> Task directions:
Count the lines below that contain the word "Courtyard" and give only the number.

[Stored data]
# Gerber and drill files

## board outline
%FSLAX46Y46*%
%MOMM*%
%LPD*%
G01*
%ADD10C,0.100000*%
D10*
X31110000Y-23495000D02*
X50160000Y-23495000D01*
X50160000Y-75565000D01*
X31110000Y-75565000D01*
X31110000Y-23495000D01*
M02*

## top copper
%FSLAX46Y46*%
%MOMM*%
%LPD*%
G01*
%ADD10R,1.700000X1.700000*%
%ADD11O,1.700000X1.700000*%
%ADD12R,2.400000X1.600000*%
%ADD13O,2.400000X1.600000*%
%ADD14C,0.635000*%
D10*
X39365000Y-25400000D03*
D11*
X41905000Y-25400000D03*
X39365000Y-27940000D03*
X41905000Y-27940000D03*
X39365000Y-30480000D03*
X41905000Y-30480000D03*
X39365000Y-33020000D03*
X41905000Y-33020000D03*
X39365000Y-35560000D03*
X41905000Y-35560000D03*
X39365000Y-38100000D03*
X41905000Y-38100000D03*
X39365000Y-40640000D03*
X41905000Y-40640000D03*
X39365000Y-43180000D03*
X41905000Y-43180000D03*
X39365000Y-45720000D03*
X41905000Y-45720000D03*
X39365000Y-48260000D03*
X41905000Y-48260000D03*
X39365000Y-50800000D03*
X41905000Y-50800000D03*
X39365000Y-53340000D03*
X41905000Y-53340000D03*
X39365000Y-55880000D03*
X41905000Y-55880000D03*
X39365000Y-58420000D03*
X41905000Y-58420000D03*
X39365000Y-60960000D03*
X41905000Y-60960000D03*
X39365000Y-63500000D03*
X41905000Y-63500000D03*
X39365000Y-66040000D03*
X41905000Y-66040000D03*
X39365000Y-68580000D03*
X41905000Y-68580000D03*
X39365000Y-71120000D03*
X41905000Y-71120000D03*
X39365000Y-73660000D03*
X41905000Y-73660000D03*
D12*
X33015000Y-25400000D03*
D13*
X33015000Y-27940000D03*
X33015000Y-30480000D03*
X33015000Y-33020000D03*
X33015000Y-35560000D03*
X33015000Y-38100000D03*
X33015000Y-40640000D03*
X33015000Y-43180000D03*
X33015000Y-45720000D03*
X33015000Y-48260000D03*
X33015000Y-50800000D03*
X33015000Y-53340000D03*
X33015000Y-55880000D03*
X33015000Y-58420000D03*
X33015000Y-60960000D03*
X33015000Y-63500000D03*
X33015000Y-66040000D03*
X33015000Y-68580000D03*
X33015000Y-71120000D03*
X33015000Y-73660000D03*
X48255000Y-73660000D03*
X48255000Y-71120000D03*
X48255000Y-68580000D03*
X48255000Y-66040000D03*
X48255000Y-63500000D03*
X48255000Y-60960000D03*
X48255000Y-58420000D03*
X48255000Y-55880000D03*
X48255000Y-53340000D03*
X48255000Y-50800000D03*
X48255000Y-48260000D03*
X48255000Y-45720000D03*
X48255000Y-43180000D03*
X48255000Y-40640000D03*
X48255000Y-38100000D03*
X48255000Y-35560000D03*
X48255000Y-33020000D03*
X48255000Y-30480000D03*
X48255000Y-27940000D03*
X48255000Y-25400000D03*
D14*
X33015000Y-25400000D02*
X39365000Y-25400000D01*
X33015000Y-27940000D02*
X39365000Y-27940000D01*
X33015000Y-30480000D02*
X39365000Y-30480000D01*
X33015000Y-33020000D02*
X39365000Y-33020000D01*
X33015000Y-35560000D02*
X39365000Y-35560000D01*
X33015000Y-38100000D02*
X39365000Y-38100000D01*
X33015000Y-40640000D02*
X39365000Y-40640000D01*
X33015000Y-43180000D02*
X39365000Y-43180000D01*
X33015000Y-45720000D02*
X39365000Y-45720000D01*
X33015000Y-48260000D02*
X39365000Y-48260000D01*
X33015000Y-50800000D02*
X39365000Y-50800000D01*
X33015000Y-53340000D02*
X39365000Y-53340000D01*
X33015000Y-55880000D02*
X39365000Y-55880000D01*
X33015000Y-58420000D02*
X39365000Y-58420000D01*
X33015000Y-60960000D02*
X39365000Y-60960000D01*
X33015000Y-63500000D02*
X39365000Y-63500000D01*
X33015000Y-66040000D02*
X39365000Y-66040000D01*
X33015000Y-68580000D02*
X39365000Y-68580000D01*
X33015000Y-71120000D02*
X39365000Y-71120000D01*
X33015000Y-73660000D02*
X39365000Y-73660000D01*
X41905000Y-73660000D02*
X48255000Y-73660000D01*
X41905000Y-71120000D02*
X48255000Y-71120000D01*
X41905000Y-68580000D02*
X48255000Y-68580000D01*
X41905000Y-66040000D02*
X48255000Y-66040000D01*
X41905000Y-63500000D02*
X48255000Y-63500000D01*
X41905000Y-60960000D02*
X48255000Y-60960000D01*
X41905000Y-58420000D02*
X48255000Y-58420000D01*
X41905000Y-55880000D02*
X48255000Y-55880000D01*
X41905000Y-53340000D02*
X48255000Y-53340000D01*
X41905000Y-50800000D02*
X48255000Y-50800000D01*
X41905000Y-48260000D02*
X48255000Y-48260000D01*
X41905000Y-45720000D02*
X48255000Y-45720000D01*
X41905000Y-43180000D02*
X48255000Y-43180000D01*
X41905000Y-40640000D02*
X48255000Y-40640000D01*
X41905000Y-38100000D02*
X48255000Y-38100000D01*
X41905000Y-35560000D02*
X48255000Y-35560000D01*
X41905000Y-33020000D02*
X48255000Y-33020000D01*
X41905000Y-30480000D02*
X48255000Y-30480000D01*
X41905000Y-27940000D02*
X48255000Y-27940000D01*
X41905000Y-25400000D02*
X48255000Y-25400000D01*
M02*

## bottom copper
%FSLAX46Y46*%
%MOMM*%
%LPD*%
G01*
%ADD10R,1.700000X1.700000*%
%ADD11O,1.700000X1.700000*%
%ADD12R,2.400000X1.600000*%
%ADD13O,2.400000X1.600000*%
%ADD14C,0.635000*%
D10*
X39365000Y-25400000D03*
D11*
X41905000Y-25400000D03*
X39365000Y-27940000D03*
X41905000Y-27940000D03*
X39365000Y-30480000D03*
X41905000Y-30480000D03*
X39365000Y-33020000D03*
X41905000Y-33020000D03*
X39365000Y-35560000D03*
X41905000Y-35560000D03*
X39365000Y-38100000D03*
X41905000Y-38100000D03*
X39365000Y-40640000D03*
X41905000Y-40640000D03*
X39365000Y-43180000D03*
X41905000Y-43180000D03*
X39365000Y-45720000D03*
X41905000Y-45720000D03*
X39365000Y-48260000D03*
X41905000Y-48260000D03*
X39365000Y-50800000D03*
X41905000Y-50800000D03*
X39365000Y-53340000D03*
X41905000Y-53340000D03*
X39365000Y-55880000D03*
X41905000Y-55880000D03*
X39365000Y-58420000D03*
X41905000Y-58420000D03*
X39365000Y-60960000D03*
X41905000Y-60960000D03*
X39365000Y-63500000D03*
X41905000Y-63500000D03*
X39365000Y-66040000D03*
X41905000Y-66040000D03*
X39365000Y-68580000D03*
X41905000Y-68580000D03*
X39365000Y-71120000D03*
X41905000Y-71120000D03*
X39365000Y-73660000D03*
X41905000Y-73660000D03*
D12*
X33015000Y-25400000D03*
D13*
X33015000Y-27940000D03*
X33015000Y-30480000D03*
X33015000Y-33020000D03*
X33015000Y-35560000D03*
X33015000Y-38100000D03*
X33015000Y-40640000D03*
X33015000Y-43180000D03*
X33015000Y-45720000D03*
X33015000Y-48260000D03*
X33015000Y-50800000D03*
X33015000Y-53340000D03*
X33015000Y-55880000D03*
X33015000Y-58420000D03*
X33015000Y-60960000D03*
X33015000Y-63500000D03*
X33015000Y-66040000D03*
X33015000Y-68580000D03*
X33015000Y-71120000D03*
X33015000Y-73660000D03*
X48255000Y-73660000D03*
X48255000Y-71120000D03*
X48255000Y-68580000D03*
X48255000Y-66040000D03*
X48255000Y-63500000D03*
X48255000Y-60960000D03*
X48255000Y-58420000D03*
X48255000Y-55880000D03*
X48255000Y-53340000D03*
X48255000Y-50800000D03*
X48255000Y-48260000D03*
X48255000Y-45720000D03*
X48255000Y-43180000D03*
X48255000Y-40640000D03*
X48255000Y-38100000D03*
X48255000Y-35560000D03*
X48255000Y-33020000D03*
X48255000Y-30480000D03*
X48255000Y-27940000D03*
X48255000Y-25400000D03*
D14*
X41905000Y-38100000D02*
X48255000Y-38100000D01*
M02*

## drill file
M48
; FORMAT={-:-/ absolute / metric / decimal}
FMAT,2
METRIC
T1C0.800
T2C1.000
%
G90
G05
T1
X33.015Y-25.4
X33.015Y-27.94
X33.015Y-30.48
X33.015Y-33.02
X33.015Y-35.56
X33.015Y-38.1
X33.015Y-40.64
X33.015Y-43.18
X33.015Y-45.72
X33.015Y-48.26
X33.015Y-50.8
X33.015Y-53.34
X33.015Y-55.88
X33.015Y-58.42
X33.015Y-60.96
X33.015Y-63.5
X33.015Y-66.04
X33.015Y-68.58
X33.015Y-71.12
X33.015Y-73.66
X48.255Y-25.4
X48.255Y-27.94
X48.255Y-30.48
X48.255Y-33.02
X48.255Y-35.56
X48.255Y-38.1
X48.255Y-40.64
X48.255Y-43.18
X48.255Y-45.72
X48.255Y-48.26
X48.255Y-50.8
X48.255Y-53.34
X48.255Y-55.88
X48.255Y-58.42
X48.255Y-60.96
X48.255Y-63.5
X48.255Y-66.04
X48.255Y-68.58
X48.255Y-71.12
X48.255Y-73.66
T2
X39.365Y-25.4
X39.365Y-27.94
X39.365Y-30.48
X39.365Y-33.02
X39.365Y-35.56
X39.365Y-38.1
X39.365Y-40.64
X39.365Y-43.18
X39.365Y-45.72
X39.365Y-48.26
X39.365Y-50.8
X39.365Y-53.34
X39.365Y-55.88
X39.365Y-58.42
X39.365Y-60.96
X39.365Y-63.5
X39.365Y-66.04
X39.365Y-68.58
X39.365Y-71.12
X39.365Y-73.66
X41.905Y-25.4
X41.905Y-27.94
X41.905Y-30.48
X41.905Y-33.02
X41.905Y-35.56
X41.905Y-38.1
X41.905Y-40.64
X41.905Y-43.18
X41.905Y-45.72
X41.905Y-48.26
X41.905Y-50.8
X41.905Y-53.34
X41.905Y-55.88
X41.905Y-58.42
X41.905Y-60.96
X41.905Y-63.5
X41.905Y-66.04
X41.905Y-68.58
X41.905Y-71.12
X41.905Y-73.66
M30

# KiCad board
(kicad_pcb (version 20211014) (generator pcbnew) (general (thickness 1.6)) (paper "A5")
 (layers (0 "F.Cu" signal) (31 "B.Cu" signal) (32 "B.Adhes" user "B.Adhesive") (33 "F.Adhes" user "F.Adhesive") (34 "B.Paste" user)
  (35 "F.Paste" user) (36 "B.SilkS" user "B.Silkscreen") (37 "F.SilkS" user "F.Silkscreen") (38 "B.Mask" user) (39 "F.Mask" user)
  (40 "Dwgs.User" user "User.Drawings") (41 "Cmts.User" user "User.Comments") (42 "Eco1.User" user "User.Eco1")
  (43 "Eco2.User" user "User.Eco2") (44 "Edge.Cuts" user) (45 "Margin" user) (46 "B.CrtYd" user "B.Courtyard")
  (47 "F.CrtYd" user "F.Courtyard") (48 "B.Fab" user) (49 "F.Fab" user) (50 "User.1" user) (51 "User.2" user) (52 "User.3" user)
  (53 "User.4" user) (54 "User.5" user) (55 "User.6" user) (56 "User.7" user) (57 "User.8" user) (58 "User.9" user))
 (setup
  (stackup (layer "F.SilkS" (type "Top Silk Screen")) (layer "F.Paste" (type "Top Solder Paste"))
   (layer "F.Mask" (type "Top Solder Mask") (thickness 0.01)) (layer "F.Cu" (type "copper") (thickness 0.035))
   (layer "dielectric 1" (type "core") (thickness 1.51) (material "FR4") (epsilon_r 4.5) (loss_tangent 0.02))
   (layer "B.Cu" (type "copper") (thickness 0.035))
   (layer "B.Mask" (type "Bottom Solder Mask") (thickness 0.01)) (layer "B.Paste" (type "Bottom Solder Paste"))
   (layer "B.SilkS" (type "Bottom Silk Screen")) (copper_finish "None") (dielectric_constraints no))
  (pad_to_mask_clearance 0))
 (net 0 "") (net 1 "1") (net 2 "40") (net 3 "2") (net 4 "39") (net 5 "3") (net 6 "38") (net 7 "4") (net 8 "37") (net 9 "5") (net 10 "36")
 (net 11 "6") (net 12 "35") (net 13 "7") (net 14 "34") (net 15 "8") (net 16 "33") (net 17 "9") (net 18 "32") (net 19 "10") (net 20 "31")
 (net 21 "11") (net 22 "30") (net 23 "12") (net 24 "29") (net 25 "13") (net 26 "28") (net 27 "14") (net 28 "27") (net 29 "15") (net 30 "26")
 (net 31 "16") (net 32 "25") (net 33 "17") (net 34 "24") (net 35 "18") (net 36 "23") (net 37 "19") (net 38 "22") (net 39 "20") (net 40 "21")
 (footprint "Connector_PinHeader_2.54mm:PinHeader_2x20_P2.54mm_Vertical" (layer "F.Cu") (at 39.365 25.4)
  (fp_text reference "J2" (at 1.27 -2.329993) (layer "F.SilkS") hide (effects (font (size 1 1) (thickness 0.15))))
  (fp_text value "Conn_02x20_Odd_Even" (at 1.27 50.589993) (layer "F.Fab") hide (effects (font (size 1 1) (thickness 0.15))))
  (pad "1" thru_hole rect (at 0 0) (size 1.7 1.7) (drill 1) (layers *.Cu *.Mask) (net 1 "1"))
  (pad "2" thru_hole oval (at 2.54 0) (size 1.7 1.7) (drill 1) (layers *.Cu *.Mask) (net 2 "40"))
  (pad "3" thru_hole oval (at 0 2.54) (size 1.7 1.7) (drill 1) (layers *.Cu *.Mask) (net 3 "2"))
  (pad "4" thru_hole oval (at 2.54 2.54) (size 1.7 1.7) (drill 1) (layers *.Cu *.Mask) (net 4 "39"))
  (pad "5" thru_hole oval (at 0 5.08) (size 1.7 1.7) (drill 1) (layers *.Cu *.Mask) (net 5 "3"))
  (pad "6" thru_hole oval (at 2.54 5.08) (size 1.7 1.7) (drill 1) (layers *.Cu *.Mask) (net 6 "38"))
  (pad "7" thru_hole oval (at 0 7.62) (size 1.7 1.7) (drill 1) (layers *.Cu *.Mask) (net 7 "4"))
  (pad "8" thru_hole oval (at 2.54 7.62) (size 1.7 1.7) (drill 1) (layers *.Cu *.Mask) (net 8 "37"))
  (pad "9" thru_hole oval (at 0 10.16) (size 1.7 1.7) (drill 1) (layers *.Cu *.Mask) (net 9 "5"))
  (pad "10" thru_hole oval (at 2.54 10.16) (size 1.7 1.7) (drill 1) (layers *.Cu *.Mask) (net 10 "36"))
  (pad "11" thru_hole oval (at 0 12.7) (size 1.7 1.7) (drill 1) (layers *.Cu *.Mask) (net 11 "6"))
  (pad "12" thru_hole oval (at 2.54 12.7) (size 1.7 1.7) (drill 1) (layers *.Cu *.Mask) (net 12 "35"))
  (pad "13" thru_hole oval (at 0 15.24) (size 1.7 1.7) (drill 1) (layers *.Cu *.Mask) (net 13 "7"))
  (pad "14" thru_hole oval (at 2.54 15.24) (size 1.7 1.7) (drill 1) (layers *.Cu *.Mask) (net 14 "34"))
  (pad "15" thru_hole oval (at 0 17.78) (size 1.7 1.7) (drill 1) (layers *.Cu *.Mask) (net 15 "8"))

> Written response:
2